Monday during the time normally spent in the Owls meeting, I schmoozed
with Phil Long and told him about our plans for recrafting Athena
Solaris.  He asked me to make a presentation to the Faculty Liaisons on
it.

Enclosed is my own sort of "white paper" on what it's about.

Could y'all review it and tell me if I got my facts right, and make any
further suggestions for giving a sensible presentation.

-wdc

Changes coming with Athena Solaris 9.3

Customers have expressed reluctance to use Athena Solaris because it
was too different from what they were used to.

The upcoming Athena 9.3 release for Solaris will make two changes that
these potential customers may find significant:

Athena moves to the local disk.
Athena uses Sun pkgadd for everything, not just the OS.

Issues in all-local Athena:

Customers familiar with Solaris system administration expressed
confusion over the Athena practice of dividing the installed software
between files kept on the local disk, and files kept in a /srvd
hierarchy in AFS.  Linux Athena has always put everything on the local
disk.  Solaris Athena presented a conversion challenge: some old
systems were partitioned such that an all-local install would fail.

We have inventoried the affected systems (under 77 at this
point).  They're all past the age where we said they'd be supported,
but we're taking the attitude of being helpful to either renew the
hardware, find a graceful time to re-install (and get the new
partitioning), or explicitly to get sign-off to keep the system
at 9.2.

Issues in installer tools:

The original Athena install used platform independent, locally
developed tools to clone an Athena system from a master image.
Customers found that image model too confining.  Later Athena installs
would use the vendor supplied tools for operating system install, but
would use locally developed tools for the Athena value-added services.

Linux Athena used native Linux RPM for everything.

Solaris used Sun pkgadd and patchadd for the OS, but would use a tool
called 'track' to put in the Athena bits.

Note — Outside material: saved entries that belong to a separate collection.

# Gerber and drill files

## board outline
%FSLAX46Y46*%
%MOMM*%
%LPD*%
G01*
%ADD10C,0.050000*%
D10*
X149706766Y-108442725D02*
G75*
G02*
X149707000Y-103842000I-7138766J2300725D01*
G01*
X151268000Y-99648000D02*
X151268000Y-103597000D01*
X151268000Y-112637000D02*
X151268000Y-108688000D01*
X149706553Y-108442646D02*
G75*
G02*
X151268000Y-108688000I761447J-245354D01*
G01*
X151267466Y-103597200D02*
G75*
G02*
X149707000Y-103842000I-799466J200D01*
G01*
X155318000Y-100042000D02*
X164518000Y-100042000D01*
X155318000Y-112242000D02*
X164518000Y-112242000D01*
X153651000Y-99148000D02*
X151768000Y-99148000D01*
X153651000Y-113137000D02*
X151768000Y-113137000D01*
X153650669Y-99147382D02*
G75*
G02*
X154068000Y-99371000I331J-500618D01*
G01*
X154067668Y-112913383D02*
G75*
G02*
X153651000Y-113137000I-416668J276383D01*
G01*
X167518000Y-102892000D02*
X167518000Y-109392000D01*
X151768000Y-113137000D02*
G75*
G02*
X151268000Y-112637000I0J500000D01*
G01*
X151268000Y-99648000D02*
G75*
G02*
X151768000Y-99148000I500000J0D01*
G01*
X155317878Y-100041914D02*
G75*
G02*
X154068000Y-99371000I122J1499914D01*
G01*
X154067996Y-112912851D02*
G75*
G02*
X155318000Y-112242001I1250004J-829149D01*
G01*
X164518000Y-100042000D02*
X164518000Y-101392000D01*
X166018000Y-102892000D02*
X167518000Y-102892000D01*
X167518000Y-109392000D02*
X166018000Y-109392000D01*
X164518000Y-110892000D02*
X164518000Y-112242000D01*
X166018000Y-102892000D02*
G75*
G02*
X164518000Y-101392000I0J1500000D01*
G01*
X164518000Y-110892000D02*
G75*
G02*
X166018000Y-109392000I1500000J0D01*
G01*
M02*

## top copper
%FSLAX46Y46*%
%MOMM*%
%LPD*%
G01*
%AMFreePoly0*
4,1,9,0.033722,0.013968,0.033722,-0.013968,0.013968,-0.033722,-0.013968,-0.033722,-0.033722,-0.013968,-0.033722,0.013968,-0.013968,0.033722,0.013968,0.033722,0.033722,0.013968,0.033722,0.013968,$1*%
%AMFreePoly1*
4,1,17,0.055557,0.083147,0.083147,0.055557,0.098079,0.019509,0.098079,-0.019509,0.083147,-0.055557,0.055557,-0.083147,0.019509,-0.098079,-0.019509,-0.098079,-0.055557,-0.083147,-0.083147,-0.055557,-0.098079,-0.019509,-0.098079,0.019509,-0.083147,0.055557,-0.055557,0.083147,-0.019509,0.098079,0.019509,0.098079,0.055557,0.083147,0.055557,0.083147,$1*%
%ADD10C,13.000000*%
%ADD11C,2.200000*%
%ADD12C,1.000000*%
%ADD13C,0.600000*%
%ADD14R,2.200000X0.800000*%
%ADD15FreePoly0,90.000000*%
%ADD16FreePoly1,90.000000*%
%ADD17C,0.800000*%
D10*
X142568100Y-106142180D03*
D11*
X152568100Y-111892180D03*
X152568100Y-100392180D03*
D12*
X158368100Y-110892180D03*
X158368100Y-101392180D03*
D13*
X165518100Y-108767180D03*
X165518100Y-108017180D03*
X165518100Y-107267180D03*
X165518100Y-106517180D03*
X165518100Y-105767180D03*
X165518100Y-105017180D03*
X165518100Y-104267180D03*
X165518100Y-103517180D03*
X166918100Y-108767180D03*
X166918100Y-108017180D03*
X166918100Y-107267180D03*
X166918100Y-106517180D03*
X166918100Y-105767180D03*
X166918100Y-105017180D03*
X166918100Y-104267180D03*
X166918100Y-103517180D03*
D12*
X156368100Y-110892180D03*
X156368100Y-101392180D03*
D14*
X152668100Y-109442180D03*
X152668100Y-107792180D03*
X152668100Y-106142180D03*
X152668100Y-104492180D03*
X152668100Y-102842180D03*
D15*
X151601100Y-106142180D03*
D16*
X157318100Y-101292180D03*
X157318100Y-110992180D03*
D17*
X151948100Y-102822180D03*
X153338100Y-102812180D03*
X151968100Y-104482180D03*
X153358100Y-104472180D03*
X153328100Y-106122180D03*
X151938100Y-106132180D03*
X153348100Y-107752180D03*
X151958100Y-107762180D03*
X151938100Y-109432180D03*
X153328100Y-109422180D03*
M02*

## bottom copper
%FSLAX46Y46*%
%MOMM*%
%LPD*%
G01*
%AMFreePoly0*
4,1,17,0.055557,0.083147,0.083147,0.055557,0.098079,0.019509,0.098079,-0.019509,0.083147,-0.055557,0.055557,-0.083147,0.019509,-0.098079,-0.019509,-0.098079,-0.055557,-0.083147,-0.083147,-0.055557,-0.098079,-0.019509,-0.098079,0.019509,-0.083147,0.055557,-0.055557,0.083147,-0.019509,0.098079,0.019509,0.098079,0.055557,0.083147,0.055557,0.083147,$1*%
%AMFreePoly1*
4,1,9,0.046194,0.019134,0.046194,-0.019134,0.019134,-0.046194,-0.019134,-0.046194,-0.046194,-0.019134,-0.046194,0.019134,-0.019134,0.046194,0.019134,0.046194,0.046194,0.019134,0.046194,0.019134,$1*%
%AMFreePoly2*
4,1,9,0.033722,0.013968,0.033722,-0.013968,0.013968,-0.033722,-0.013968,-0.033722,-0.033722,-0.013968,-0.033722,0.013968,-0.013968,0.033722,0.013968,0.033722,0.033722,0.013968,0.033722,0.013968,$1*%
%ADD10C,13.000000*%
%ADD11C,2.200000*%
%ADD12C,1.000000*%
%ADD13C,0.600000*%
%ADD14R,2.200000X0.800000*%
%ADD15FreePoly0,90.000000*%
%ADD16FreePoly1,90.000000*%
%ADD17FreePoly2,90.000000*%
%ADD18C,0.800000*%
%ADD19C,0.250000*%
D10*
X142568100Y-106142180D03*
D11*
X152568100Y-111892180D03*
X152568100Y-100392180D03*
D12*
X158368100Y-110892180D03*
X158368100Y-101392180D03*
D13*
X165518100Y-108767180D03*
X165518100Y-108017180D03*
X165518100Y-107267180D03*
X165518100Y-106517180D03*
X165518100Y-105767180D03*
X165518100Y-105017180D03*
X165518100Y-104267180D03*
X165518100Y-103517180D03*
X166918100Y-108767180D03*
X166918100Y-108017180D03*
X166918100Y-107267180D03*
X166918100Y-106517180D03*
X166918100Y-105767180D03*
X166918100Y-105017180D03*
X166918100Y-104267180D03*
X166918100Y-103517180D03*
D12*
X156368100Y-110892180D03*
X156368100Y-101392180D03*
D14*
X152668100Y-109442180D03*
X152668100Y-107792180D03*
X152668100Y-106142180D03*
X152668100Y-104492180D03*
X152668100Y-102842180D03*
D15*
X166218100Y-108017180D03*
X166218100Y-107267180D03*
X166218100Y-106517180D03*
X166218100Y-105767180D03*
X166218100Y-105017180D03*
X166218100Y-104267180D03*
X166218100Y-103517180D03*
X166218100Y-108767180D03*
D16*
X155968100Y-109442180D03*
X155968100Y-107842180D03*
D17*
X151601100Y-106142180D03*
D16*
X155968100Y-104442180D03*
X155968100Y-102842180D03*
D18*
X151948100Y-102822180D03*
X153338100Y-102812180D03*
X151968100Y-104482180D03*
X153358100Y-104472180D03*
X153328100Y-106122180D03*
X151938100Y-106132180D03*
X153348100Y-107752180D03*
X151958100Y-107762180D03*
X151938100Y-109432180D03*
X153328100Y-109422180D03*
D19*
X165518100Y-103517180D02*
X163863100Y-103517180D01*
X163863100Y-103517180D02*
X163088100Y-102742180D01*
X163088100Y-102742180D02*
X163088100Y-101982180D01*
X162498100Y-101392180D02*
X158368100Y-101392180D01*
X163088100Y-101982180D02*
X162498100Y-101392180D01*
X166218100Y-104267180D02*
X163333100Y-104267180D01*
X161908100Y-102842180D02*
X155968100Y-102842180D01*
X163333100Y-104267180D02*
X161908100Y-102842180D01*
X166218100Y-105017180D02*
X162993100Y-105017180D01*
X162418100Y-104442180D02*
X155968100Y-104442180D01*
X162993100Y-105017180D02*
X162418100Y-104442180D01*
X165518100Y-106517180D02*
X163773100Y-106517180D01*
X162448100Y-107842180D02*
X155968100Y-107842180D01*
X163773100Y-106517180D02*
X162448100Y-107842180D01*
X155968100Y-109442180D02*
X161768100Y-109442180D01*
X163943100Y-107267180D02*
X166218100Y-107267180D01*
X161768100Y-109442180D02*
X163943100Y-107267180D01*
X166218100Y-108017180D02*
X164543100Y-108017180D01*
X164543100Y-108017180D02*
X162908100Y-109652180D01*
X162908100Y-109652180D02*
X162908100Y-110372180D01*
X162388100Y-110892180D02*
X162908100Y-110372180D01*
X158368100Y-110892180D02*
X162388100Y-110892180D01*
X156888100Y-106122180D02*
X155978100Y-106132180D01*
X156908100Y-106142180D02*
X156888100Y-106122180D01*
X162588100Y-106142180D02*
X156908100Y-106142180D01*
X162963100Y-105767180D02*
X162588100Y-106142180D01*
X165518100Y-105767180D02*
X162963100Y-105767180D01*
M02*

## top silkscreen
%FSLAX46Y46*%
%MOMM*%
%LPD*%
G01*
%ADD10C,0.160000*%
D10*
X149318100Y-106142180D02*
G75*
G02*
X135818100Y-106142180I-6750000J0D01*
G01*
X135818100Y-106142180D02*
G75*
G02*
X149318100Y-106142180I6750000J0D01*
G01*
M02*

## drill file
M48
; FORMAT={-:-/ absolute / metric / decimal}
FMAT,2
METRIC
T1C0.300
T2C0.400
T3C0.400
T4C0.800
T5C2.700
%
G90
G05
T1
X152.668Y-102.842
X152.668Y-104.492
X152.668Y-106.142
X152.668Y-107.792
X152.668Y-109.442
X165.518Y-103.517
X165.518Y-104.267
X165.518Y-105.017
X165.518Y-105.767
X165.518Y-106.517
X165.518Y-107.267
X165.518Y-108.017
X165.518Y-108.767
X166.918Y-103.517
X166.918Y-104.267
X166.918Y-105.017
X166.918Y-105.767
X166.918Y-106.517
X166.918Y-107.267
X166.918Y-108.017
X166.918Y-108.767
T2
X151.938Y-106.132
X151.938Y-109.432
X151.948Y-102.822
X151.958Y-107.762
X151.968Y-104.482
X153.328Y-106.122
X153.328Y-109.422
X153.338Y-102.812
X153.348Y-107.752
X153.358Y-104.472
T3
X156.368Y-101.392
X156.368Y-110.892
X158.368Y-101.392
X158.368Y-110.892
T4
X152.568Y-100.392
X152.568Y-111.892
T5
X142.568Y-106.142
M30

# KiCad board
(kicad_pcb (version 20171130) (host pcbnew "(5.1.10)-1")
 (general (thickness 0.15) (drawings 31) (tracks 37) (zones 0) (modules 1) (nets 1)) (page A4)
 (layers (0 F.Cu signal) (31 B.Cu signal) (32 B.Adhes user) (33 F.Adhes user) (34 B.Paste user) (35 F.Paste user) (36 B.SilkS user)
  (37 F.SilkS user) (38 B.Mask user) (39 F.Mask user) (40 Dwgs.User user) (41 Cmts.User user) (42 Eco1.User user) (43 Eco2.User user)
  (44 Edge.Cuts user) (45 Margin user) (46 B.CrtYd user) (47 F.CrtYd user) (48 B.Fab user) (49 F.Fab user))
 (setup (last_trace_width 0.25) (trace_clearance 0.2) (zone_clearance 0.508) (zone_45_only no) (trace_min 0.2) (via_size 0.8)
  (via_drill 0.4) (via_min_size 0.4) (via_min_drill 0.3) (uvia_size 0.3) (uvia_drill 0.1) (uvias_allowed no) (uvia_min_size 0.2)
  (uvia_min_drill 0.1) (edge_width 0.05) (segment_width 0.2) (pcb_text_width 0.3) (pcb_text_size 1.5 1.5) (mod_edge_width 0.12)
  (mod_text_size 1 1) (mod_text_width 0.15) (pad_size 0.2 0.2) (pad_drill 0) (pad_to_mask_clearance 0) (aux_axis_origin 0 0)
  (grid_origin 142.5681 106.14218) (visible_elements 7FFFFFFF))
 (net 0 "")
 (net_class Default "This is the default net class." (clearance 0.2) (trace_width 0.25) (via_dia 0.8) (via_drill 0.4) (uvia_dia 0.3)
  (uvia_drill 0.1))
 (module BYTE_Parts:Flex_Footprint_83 (layer F.Cu) (at 142.5681 106.14218 90)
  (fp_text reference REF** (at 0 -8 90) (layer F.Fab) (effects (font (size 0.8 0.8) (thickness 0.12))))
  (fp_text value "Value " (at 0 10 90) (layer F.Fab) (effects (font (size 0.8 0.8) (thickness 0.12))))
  (fp_circle (center 0 0) (end -6.75 0) (layer F.SilkS) (width 0.16))
  (pad "#" thru_hole circle (at 0 0 90) (size 13 13) (drill 2.7) (layers *.Cu *.Mask))
  (pad "#" thru_hole circle (at -5.75 10 90) (size 2.2 2.2) (drill 0.8) (layers *.Cu *.Mask))
  (pad "#" thru_hole circle (at 5.75 10 90) (size 2.2 2.2) (drill 0.8) (layers *.Cu *.Mask))
  (pad "#" thru_hole circle (at -4.75 15.8 90) (size 1 1) (drill 0.4) (layers *.Cu *.Mask))
  (pad "#" thru_hole circle (at 4.75 15.8 90) (size 1 1) (drill 0.4) (layers *.Cu *.Mask))
  (pad "#" thru_hole circle (at -2.625 22.95 90) (size 0.6 0.6) (drill 0.3) (layers *.Cu *.Mask))
  (pad "#" thru_hole circle (at -1.875 22.95 90) (size 0.6 0.6) (drill 0.3) (layers *.Cu *.Mask))
  (pad "#" thru_hole circle (at -1.125 22.95 90) (size 0.6 0.6) (drill 0.3) (layers *.Cu *.Mask))
  (pad "#" thru_hole circle (at -0.375 22.95 90) (size 0.6 0.6) (drill 0.3) (layers *.Cu *.Mask))
  (pad "#" thru_hole circle (at 0.375 22.95 90) (size 0.6 0.6) (drill 0.3) (layers *.Cu *.Mask))
  (pad "#" thru_hole circle (at 1.125 22.95 90) (size 0.6 0.6) (drill 0.3) (layers *.Cu *.Mask))
  (pad "#" thru_hole circle (at 1.875 22.95 90) (size 0.6 0.6) (drill 0.3) (layers *.Cu *.Mask))
  (pad "#" thru_hole circle (at 2.625 22.95 90) (size 0.6 0.6) (drill 0.3) (layers *.Cu *.Mask))
  (pad "#" thru_hole circle (at -2.625 24.35 90) (size 0.6 0.6) (drill 0.3) (layers *.Cu *.Mask))
  (pad "#" thru_hole circle (at -1.875 24.35 90) (size 0.6 0.6) (drill 0.3) (layers *.Cu *.Mask))
  (pad "#" thru_hole circle (at -1.125 24.35 90) (size 0.6 0.6) (drill 0.3) (layers *.Cu *.Mask))
  (pad "#" thru_hole circle (at -0.375 24.35 90) (size 0.6 0.6) (drill 0.3) (layers *.Cu *.Mask))
  (pad "#" thru_hole circle (at 0.375 24.35 90) (size 0.6 0.6) (drill 0.3) (layers *.Cu *.Mask))
  (pad "#" thru_hole circle (at 1.125 24.35 90) (size 0.6 0.6) (drill 0.3) (layers *.Cu *.Mask))
  (pad "#" thru_hole circle (at 1.875 24.35 90) (size 0.6 0.6) (drill 0.3) (layers *.Cu *.Mask))
  (pad "#" thru_hole circle (at 2.625 24.35 90) (size 0.6 0.6) (drill 0.3) (layers *.Cu *.Mask))
  (pad "#" thru_hole circle (at -4.75 13.8 90) (size 1 1) (drill 0.4) (layers *.Cu *.Mask))
  (pad "#" thru_hole circle (at 4.75 13.8 90) (size 1 1) (drill 0.4) (layers *.Cu *.Mask))
  (pad "#" thru_hole rect (at -3.3 10.1 90) (size 0.8 2.2) (drill 0.3) (layers *.Cu *.Mask))
  (pad "#" thru_hole rect (at -1.65 10.1 90) (size 0.8 2.2) (drill 0.3) (layers *.Cu *.Mask))
  (pad "#" thru_hole rect (at 0 10.1 90) (size 0.8 2.2) (drill 0.3) (layers *.Cu *.Mask))
  (pad "#" thru_hole rect (at 1.65 10.1 90) (size 0.8 2.2) (drill 0.3) (layers *.Cu *.Mask))
  (pad "#" thru_hole rect (at 3.3 10.1 90) (size 0.8 2.2) (drill 0.3) (layers *.Cu *.Mask))
  (pad "#" smd custom (at 0 9.033 90) (size 0.073 0.073) (layers F.Cu) (zone_connect 0) (options (clearance outline) (anchor circle))
   (primitives))
  (pad "#" smd custom (at -1.875 23.65 90) (size 0.2 0.2) (layers B.Cu B.Mask) (zone_connect 0)
   (options (clearance outline) (anchor circle)) (primitives))
  (pad "#" smd custom (at -1.125 23.65 90) (size 0.2 0.2) (layers B.Cu B.Mask) (zone_connect 0)
   (options (clearance outline) (anchor circle)) (primitives))
  (pad "#" smd custom (at -0.375 23.65 90) (size 0.2 0.2) (layers B.Cu B.Mask) (zone_connect 0)
   (options (clearance outline) (anchor circle)) (primitives))
  (pad "#" smd custom (at 0.375 23.65 90) (size 0.2 0.2) (layers B.Cu B.Mask) (zone_connect 0) (options (clearance outline) (anchor circle))
   (primitives))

Starting with Solaris Athena 9.3 the additional utilities,
applications,  services and configurations will be installed with RPM
on Linux, and pkgadd on Solaris.

Value:

These two changes will create a Solaris installation that will be much
more familiar to customers with Solaris system administration
experience.  There will be no unusual file organization or unusual
software installation tool to learn.  It will be a very usual Solaris
install with some third party packages added in.

Future:

When these two changes are complete, the mkserv tool will end up
having to do much less work.  The future plan is to replace mkserv
with something that will do the minimum required to add those services
as value-added packages.

Additional packages of services heretofore considered too complex for
mkserv will be able to be crafted as Linux RPM's and Solaris pkgadd
packages.   For example, an MIT-tailored apache web server package.